ADR 0078: Actor Initialize Inheritance

Status

Accepted (2026-04-12)

Context

BT-1947 introduced typed state declarations without defaults (state: db :: Database), where the type annotation replaces the need for a = default. The compiler stores nil internally and trusts the initialize method to set the field before use.

BT-1949 added a runtime check: after initialize returns, generated code verifies that all typed-no-default fields are no longer nil, raising UninitializedStateError if any remain unset. However, this check only covers the current class's own fields — inherited typed-no-default fields from parent classes are not validated.

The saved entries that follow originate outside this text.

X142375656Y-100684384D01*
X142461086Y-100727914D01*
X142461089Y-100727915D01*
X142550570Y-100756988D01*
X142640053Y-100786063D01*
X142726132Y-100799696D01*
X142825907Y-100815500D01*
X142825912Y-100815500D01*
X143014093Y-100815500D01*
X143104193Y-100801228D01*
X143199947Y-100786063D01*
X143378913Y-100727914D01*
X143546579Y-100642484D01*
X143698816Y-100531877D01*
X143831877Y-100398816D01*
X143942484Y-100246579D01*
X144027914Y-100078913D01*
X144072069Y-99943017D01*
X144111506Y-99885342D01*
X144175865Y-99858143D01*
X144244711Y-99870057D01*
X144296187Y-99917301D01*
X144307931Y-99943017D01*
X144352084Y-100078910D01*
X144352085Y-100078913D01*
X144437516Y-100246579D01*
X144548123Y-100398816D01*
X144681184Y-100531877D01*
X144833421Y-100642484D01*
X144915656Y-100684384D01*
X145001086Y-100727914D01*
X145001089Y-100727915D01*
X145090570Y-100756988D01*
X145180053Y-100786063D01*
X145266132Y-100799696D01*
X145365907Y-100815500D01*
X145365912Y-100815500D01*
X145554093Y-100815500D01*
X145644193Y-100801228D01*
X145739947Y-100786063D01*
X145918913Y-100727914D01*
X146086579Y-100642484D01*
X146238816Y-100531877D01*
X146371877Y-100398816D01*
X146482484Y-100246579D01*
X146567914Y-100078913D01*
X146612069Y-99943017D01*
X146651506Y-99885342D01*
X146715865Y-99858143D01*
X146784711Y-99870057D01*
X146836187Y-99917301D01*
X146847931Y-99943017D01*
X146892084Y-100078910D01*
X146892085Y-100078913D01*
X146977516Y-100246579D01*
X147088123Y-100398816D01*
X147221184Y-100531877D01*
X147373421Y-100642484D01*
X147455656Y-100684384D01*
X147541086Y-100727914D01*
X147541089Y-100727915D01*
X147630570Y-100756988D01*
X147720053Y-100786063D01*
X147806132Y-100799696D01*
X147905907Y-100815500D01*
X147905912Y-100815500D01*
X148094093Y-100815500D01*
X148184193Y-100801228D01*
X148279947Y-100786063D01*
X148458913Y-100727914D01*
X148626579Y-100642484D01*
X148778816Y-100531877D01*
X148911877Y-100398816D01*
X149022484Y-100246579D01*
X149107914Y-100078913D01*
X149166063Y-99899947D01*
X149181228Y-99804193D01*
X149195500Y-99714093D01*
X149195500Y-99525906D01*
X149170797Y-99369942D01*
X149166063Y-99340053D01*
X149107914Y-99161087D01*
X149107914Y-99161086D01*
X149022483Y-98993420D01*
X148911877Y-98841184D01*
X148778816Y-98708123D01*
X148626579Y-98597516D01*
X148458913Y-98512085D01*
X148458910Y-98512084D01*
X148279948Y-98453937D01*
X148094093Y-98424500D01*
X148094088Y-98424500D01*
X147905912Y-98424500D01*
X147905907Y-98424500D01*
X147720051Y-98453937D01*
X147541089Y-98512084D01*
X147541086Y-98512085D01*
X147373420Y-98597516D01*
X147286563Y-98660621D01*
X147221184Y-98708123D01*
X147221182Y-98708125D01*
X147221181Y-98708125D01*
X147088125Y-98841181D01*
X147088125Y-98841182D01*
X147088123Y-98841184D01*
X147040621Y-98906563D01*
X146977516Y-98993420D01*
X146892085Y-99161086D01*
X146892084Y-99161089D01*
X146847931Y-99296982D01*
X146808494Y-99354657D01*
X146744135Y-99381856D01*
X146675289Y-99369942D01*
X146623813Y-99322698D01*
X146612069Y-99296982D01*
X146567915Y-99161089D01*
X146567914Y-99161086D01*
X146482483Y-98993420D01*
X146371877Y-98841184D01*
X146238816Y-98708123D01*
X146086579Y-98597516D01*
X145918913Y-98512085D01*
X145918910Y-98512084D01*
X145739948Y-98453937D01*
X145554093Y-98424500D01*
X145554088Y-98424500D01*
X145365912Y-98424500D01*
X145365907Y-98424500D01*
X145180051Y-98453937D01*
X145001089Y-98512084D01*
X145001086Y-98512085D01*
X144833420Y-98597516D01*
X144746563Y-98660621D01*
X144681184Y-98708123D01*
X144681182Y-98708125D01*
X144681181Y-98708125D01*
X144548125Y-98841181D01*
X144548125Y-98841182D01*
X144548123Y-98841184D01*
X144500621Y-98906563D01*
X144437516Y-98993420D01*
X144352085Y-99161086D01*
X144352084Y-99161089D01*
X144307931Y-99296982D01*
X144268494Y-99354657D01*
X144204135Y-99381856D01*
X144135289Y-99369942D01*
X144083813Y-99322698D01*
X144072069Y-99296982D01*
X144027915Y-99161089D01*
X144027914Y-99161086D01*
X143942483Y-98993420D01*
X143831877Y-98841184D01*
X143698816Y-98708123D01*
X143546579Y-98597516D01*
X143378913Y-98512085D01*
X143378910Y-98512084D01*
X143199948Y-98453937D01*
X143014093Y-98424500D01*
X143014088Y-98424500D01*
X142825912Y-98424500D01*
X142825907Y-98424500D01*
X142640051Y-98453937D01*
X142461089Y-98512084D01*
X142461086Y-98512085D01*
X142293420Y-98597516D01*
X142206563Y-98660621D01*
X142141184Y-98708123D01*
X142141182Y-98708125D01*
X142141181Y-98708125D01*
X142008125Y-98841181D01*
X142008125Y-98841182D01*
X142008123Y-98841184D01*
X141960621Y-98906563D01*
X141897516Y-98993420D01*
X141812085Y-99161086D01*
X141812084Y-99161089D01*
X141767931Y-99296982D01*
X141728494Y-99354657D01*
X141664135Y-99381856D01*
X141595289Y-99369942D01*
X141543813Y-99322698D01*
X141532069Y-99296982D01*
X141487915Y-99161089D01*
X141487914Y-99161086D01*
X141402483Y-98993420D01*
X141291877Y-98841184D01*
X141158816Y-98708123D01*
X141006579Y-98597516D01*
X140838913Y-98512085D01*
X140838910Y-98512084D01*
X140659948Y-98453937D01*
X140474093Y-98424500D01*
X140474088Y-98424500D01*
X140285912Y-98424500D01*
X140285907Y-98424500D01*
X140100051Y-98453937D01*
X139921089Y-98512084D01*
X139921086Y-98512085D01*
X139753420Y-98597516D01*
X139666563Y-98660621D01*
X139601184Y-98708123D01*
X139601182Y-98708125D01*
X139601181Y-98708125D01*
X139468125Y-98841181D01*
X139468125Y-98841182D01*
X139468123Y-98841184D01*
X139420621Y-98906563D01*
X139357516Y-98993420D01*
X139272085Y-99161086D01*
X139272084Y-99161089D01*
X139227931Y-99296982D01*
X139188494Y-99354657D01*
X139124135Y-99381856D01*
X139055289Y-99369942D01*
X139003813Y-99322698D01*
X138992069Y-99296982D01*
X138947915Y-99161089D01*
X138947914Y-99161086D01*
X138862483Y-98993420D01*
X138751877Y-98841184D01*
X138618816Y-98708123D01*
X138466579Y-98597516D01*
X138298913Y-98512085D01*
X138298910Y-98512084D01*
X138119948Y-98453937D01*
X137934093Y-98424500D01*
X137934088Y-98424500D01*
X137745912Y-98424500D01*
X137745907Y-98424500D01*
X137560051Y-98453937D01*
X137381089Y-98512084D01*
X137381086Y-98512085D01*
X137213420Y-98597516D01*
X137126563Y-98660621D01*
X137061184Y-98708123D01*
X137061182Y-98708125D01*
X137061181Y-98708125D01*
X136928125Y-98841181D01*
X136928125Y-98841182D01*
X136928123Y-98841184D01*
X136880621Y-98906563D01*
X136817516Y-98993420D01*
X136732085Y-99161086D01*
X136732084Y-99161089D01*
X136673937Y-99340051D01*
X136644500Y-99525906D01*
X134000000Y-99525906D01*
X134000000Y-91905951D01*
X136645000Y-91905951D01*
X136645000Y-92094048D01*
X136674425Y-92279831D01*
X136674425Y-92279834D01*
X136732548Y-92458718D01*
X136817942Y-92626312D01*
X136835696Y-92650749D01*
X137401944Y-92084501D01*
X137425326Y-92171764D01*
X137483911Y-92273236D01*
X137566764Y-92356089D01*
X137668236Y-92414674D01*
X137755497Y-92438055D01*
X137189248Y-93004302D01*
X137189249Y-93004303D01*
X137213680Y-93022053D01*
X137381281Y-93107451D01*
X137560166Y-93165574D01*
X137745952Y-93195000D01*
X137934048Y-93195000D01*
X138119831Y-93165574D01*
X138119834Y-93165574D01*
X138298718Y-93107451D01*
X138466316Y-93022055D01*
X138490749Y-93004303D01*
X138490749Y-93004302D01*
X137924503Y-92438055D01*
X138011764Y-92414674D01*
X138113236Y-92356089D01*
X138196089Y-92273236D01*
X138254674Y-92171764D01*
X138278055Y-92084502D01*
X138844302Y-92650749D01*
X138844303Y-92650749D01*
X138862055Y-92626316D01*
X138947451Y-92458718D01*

Current Initialization Flow

When a child actor class extends a parent:

  1. Child's init/1 calls parent's init/1 with __skip_initialize__ => true
  2. Parent returns its default state (typed-no-default fields are nil)
  3. Child merges its own fields on top (parent defaults → child defaults → user args)
  4. Only the leaf class's initialize is dispatched via handle_continue

This means parent-defined initialize methods never run for subclasses. If a parent declares state: db :: Database and initializes it in its own initialize, a subclass will inherit the nil default but never run the parent's initialization logic.

The Problem

Actor subclass: DatabaseActor
  state: db :: Database

  initialize => self.db := Database connect   // sets db

DatabaseActor subclass: CachingDatabaseActor
  state: cache :: Cache

  initialize => self.cache := Cache new
  // db is nil — parent's initialize never ran
  // CachingDatabaseActor has no idea it needs to set db

This is a known anti-pattern in Smalltalk ("forgetting super initialize") but in classic Smalltalk it's purely convention — there's no enforcement. Beamtalk can do better by not requiring the programmer to remember at all.

Constraints

Decision

Auto-chain initialize methods up the class hierarchy. When an actor spawns, codegen dispatches initialize on every class in the hierarchy that defines one, deepest ancestor first (parent before child). The programmer never writes super initialize — the platform handles it.

Auto-Chain Semantics

When handle_continue receives the initialize token:

  1. Walk the class hierarchy from Actor (root) down to the leaf class
  2. For each class that defines its own initialize method, dispatch it against the current state
  3. Each initialize sees the state left by the previous one (parent's fields are already set)
  4. After the full chain completes, run the BT-1949 UninitializedStateError check on all fields (including inherited)
  5. If any initialize in the chain fails, stop the actor immediately — same as current behavior

Code Examples

Just works — no super call needed:

Actor subclass: DatabaseActor
  state: db :: Database

  initialize =>
    self.db := Database connect

DatabaseActor subclass: CachingDatabaseActor
  state: cache :: Cache

  initialize =>
    // db is already set — DatabaseActor's initialize ran first
    self.cache := Cache new

Deep hierarchy — each level handles its own fields:

Actor subclass: BaseService
  state: logger :: Logger

  initialize =>
    self.logger := Logger forClass: self class

BaseService subclass: DatabaseService
  state: db :: Database

  initialize =>
    // logger is already set by BaseService's initialize
    self.db := Database connect

DatabaseService subclass: CachingDatabaseService
  state: cache :: Cache

  initialize =>
    // logger and db are already set
    self.cache := Cache new

No initialize needed — parent handles everything:

DatabaseActor subclass: ReadOnlyDatabaseActor
  // No initialize — inherits DatabaseActor's initialize which sets db
  // No new typed-no-default fields — nothing to do
  query: sql => self.db query: sql

Runtime error if parent's initialize forgets a field:

UninitializedStateError: DatabaseActor field 'db' (:: Database) was not initialized

Compiler warning if super initialize is used (redundant):

warning: explicit `super initialize` is unnecessary — parent initializers run automatically
  --> my_actor.bt:12:5
   |
12 |     super initialize
   |     ^^^^^^^^^^^^^^^^
   = help: Remove this line — Beamtalk auto-chains initialize up the hierarchy

Execution Order

Initialize methods execute parent-first (most distant ancestor → leaf):

Actor.initialize        (no-op default)
  → BaseService.initialize   (sets logger)
    → DatabaseService.initialize   (sets db)
      → CachingDatabaseService.initialize   (sets cache)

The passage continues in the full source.